Random Thoughts for a Random Market

I want to go on record as saying this is one mixed up market. Like Monday, today starts out to the downside… rallies nicely into positive territory and wanders aimlessly into the close. Now to me that is random market activity. Whatever way the wind is blowing the market finds itself pointing in that direction. No conviction, no trust, no belief and no clarity. With all of that in mind I have some random thoughts on where we stand currently:

  1. The NASDAQ index is at the 5080 ish level and remains below the 2000 highs of 5132. From my view if we are going to continue higher the index needs to take out that level and move higher. If not, the downside check towards support could be the 4812 mark. In conjunction with the downside move 5007 would be the level of support that would offer hope of holding the move to a smaller test. From my view the NASDAQ plays a key role in the future movement of the broad markets. This is a short term (3-9 months) outlook for the index
  2. S&P 500 index is flirting with the 50 day moving average. 2134 is the previous high and level we need to move through similar to the NASDAQ index. The difference being that was a new high for the S&P 500 index. 2080 is near term support and the 2010 mark is the likely destination for any correction or pullback in the index. This is a short term outlook for the index.

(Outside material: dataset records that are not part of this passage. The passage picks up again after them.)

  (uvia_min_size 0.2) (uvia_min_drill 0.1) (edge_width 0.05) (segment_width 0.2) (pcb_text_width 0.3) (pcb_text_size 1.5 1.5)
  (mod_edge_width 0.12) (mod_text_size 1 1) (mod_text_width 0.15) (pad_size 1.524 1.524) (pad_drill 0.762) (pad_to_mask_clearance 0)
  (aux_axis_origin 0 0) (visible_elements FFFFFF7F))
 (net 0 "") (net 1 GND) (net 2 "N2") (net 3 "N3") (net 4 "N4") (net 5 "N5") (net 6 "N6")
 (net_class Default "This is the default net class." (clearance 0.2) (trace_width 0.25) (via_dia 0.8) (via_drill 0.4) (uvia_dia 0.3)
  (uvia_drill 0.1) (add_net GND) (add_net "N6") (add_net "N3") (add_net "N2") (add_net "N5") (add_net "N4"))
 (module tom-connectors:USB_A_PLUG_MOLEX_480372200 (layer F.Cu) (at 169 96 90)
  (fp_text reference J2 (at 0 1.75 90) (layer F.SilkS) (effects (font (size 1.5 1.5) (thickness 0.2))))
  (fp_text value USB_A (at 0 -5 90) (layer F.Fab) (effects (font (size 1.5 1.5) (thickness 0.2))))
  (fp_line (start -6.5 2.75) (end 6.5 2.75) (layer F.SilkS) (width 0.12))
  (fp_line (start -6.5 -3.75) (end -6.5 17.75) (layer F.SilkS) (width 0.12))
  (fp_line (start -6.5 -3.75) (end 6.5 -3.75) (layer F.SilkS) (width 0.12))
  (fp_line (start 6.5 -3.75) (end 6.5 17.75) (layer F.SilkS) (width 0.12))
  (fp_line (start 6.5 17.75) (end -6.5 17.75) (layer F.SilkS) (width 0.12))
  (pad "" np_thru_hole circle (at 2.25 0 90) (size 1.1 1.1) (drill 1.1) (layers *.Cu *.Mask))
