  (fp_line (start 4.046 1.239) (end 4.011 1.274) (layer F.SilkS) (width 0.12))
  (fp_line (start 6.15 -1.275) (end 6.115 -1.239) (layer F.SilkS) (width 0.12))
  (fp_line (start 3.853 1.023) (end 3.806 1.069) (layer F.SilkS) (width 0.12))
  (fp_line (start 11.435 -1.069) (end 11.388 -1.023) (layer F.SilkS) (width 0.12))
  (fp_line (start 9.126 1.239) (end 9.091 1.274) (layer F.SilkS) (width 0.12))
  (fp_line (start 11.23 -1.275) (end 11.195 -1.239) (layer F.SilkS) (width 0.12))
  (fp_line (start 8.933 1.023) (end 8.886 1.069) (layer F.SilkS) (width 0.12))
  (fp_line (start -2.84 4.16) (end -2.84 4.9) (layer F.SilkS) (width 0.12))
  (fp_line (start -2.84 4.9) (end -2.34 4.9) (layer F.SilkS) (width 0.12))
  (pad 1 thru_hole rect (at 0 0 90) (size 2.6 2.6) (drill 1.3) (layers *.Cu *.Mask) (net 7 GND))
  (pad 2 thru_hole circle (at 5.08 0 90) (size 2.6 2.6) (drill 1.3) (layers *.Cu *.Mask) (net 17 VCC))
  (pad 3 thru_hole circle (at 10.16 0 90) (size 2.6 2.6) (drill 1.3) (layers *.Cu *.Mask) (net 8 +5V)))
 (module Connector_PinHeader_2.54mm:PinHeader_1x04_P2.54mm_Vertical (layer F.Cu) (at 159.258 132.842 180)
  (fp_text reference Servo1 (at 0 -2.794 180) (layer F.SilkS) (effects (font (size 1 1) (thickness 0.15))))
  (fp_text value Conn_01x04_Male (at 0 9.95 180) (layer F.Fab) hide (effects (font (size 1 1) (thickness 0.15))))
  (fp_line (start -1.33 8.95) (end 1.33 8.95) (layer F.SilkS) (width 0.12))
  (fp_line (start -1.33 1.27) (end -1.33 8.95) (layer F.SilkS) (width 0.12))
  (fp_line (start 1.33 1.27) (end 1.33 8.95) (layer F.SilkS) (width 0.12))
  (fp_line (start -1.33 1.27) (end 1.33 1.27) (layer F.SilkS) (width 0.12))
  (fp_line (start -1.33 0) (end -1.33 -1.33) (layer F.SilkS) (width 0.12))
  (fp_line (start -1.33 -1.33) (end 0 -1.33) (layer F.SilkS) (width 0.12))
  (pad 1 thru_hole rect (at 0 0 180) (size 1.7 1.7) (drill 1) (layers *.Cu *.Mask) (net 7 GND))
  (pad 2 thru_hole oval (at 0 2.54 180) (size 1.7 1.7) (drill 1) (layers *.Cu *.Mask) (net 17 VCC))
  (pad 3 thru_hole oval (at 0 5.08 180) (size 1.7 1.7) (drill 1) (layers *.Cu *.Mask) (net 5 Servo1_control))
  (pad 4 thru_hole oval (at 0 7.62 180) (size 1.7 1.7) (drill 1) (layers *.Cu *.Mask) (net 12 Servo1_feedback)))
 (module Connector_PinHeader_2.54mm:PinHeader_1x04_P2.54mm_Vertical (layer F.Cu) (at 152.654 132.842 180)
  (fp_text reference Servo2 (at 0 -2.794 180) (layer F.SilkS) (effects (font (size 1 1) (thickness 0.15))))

  3. In relationship to the S&P 500 index is breaking down the sectors. A look at the pivot point of the latest low (March 26th) as the starting point we find a mess. Below is a chart showing the scatter graphs of the ten sectors of the index bench marked against the index. The results are three leaders… XLK, XLV, XLY, three laggards… XLB, XLF, XLU, and four losers… XLE, XLP, IYZ, XLI. The division among the sectors is indicative of what we have been discussing the last three months… no direction at the sector level which defines the broader index. This is a market stuck in a indecision mode. Chart
  4. The chart of Europe (IEV) shows a similar test to the 50 day moving average as the S&P 500 index. A break lower takes out the trendline off the January lows and disrupts the upside move in the sector. Greece is getting the blame as they continue to banter about repayment of the ECB/IMF loan negotiations. I don’t expect a resolution any time soon and we may well see Greece exit the euro zone. The real test in the country has come from Germany (EWG). They are the economic leader for the euro zone and the break of the trendline off the January lows was broken on the downside last week. This remains a questionable challenge for Europe overall. This is one sector of the world to watch as it unfolds. The domino effect in Europe could rattle the balance of the global markets going forward.

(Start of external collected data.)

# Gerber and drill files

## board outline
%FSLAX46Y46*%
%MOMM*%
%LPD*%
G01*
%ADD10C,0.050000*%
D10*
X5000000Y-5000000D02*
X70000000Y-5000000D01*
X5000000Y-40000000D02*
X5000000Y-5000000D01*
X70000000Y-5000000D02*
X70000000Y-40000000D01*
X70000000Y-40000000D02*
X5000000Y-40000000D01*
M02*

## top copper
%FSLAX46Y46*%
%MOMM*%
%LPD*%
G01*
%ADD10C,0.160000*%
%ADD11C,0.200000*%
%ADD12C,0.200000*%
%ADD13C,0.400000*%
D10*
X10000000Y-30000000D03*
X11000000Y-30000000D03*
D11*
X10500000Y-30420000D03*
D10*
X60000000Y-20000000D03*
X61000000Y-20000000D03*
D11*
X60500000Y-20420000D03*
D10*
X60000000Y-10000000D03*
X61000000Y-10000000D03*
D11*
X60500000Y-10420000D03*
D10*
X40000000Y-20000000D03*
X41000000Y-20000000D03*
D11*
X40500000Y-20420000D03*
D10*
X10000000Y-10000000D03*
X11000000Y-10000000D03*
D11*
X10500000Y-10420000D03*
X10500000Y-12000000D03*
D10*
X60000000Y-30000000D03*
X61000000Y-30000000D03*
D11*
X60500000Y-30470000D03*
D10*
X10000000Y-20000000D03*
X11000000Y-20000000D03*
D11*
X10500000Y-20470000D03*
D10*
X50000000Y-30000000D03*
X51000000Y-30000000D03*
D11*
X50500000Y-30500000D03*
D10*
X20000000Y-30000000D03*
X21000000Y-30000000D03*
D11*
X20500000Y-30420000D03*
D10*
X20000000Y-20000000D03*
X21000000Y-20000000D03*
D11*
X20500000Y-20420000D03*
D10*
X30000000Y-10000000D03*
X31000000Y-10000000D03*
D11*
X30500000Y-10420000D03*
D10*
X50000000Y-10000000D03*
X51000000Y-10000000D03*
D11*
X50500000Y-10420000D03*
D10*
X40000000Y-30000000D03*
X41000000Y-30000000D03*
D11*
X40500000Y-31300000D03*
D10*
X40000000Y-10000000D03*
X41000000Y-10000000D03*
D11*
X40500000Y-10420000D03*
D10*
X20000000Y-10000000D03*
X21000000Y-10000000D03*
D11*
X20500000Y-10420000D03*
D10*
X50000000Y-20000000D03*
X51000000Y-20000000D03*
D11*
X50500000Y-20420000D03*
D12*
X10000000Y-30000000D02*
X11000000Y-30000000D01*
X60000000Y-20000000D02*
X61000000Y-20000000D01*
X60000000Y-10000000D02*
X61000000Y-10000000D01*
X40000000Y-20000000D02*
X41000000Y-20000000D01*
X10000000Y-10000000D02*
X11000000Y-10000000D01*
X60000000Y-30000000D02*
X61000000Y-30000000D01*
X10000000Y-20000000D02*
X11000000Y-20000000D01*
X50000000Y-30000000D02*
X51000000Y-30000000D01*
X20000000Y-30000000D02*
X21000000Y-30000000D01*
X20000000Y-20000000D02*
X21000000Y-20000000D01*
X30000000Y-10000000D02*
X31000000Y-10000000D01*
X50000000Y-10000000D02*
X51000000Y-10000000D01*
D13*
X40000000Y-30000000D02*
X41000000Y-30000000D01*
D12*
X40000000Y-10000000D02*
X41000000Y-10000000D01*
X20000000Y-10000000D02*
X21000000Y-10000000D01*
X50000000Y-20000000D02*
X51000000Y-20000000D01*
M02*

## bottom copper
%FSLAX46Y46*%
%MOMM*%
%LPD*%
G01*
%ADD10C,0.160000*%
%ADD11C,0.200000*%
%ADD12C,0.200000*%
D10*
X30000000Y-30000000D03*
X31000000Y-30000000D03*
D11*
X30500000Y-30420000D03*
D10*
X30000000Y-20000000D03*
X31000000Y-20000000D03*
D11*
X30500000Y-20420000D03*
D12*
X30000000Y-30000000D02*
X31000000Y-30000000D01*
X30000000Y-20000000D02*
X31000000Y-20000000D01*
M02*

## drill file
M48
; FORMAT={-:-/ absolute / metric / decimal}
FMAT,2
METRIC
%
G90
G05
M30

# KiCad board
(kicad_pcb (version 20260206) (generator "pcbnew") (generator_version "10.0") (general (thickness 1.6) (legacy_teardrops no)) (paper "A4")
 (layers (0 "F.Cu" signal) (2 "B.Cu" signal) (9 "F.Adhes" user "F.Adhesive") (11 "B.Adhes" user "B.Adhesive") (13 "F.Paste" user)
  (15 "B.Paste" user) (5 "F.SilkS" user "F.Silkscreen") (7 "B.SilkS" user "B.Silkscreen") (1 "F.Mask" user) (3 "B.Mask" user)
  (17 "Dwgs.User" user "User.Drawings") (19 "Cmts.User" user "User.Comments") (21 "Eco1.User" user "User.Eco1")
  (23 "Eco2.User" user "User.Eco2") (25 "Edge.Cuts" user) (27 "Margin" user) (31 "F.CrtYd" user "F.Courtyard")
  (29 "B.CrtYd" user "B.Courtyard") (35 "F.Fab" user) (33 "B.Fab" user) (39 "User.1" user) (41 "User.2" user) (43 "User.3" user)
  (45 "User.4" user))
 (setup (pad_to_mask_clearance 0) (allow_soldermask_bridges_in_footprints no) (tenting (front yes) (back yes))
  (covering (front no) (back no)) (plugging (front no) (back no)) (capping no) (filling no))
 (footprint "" (layer "F.Cu") (at 10 30)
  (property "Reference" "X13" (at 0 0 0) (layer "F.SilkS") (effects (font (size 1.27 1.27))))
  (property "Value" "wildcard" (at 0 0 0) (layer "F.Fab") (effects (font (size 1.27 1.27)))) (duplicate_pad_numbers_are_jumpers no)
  (pad "1" smd circle (at 0 0) (size 0.16 0.16) (layers "F.Cu") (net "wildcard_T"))
  (pad "2" smd circle (at 1 0) (size 0.16 0.16) (layers "F.Cu") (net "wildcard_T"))
  (pad "3" smd circle (at 0.5 0.42) (size 0.2 0.2) (layers "F.Cu") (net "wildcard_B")))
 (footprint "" (layer "F.Cu") (at 60 20)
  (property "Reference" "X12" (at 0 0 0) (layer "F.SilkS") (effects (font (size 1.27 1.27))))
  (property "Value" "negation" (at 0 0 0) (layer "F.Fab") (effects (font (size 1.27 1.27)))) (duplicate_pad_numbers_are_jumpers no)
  (pad "1" smd circle (at 0 0) (size 0.16 0.16) (layers "F.Cu") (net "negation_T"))
  (pad "2" smd circle (at 1 0) (size 0.16 0.16) (layers "F.Cu") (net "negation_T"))
  (pad "3" smd circle (at 0.5 0.42) (size 0.2 0.2) (layers "F.Cu") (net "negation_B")))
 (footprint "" (layer "F.Cu") (at 60 10)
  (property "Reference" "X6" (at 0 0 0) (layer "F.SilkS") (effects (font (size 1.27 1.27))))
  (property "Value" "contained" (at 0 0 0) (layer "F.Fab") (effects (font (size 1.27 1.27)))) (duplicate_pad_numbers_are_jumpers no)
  (pad "1" smd circle (at 0 0) (size 0.16 0.16) (layers "F.Cu") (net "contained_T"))
  (pad "2" smd circle (at 1 0) (size 0.16 0.16) (layers "F.Cu") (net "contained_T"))
  (pad "3" smd circle (at 0.5 0.42) (size 0.2 0.2) (layers "F.Cu") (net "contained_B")))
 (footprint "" (layer "F.Cu") (at 40 20)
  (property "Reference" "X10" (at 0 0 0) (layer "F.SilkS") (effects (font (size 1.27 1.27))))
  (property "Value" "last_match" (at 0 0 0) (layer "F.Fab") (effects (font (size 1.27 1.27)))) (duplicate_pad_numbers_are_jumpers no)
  (pad "1" smd circle (at 0 0) (size 0.16 0.16) (layers "F.Cu") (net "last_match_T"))
  (pad "2" smd circle (at 1 0) (size 0.16 0.16) (layers "F.Cu") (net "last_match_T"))
  (pad "3" smd circle (at 0.5 0.42) (size 0.2 0.2) (layers "F.Cu") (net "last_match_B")))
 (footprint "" (layer "F.Cu") (at 10 10)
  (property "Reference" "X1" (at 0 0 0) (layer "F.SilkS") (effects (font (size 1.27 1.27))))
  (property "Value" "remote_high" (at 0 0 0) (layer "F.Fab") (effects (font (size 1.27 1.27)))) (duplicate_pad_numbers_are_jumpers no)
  (pad "1" smd circle (at 0 0) (size 0.16 0.16) (layers "F.Cu") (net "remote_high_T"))
  (pad "2" smd circle (at 1 0) (size 0.16 0.16) (layers "F.Cu") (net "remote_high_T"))
  (pad "3" smd circle (at 0.5 0.42) (size 0.2 0.2) (layers "F.Cu") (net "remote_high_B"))
  (pad "4" smd circle (at 0.5 2) (size 0.2 0.2) (layers "F.Cu") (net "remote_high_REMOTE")))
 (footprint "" (layer "F.Cu") (at 60 30)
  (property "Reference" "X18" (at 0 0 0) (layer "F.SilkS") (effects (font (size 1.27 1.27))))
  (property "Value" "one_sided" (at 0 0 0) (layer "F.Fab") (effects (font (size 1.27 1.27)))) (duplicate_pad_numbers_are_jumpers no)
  (pad "1" smd circle (at 0 0) (size 0.16 0.16) (layers "F.Cu") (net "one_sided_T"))
  (pad "2" smd circle (at 1 0) (size 0.16 0.16) (layers "F.Cu") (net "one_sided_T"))
  (pad "3" smd circle (at 0.5 0.47) (size 0.2 0.2) (layers "F.Cu") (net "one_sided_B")))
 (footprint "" (layer "F.Cu") (at 10 20)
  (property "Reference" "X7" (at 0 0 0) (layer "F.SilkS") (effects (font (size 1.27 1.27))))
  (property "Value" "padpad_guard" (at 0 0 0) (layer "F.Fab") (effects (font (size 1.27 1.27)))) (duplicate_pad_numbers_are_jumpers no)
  (pad "1" smd circle (at 0 0) (size 0.16 0.16) (layers "F.Cu") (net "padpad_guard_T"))
  (pad "2" smd circle (at 1 0) (size 0.16 0.16) (layers "F.Cu") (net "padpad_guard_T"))
  (pad "3" smd circle (at 0.5 0.47) (size 0.2 0.2) (layers "F.Cu") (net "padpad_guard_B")))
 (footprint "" (layer "F.Cu") (at 50 30)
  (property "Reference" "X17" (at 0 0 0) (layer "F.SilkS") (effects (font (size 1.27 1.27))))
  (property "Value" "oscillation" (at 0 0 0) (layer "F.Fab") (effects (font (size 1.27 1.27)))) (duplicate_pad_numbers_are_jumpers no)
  (pad "1" smd circle (at 0 0) (size 0.16 0.16) (layers "F.Cu") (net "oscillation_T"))
  (pad "2" smd circle (at 1 0) (size 0.16 0.16) (layers "F.Cu") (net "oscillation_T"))
  (pad "3" smd circle (at 0.5 0.5) (size 0.2 0.2) (layers "F.Cu") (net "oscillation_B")))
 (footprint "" (layer "F.Cu") (at 20 30)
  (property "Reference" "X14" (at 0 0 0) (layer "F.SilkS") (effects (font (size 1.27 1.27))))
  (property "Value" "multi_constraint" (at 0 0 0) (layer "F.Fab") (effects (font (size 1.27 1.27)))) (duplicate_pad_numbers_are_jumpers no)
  (pad "1" smd circle (at 0 0) (size 0.16 0.16) (layers "F.Cu") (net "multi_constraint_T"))
  (pad "2" smd circle (at 1 0) (size 0.16 0.16) (layers "F.Cu") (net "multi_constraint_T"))
  (pad "3" smd circle (at 0.5 0.42) (size 0.2 0.2) (layers "F.Cu") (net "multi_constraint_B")))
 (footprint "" (layer "F.Cu") (at 30 30)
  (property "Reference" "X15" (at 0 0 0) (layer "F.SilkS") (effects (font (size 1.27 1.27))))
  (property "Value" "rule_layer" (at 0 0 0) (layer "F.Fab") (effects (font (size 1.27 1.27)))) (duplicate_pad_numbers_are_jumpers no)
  (pad "1" smd circle (at 0 0) (size 0.16 0.16) (layers "B.Cu") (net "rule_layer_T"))
  (pad "2" smd circle (at 1 0) (size 0.16 0.16) (layers "B.Cu") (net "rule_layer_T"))
  (pad "3" smd circle (at 0.5 0.42) (size 0.2 0.2) (layers "B.Cu") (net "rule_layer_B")))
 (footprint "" (layer "F.Cu") (at 20 20)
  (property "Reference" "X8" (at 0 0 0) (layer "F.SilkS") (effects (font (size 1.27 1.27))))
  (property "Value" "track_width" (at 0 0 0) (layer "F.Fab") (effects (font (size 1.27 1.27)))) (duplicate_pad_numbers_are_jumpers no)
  (pad "1" smd circle (at 0 0) (size 0.16 0.16) (layers "F.Cu") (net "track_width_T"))
  (pad "2" smd circle (at 1 0) (size 0.16 0.16) (layers "F.Cu") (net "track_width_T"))
  (pad "3" smd circle (at 0.5 0.42) (size 0.2 0.2) (layers "F.Cu") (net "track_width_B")))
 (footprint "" (layer "F.Cu") (at 30 10)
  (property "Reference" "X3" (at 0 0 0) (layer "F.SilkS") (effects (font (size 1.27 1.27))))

  5. The trend in banks and the financial sector are key from my perspective. Interest rates are rising again with a jump of 16 basis points the last two days. This should help the sector, but it has had minimal effect which shows the lack trust or belief by investors of the sustainability going forward. Many don’t believe the Fed has what it takes to make the tough decisions on rates and the outlook for growth in the US markets. KRE, Regional Banks ETF, bounce back on Tuesday, but has been in trading range with pressure each time it attempts to break higher. Takes patience and a longer term perspective to own the sector and for now that is our focus. I am willing to add to the position if we get the move through the resistance of the previous highs. KBE, Large Banks, is in the same boat on the upside move. $24.50 is the key support for the Financials (XLF).
  6. Treasury bonds (TLT) are under pressure on the rise in interest rates the last few days. How this plays out is up to the Fed as it has been for the last few years. Short treasury bonds is building an argument again after the recent stall. $118.60 is the key support level to watch near term.

As we continue to say patience in the key in this random walk through the markets we are currently experiencing. Take it one day at a time and more importantly take what the market gives.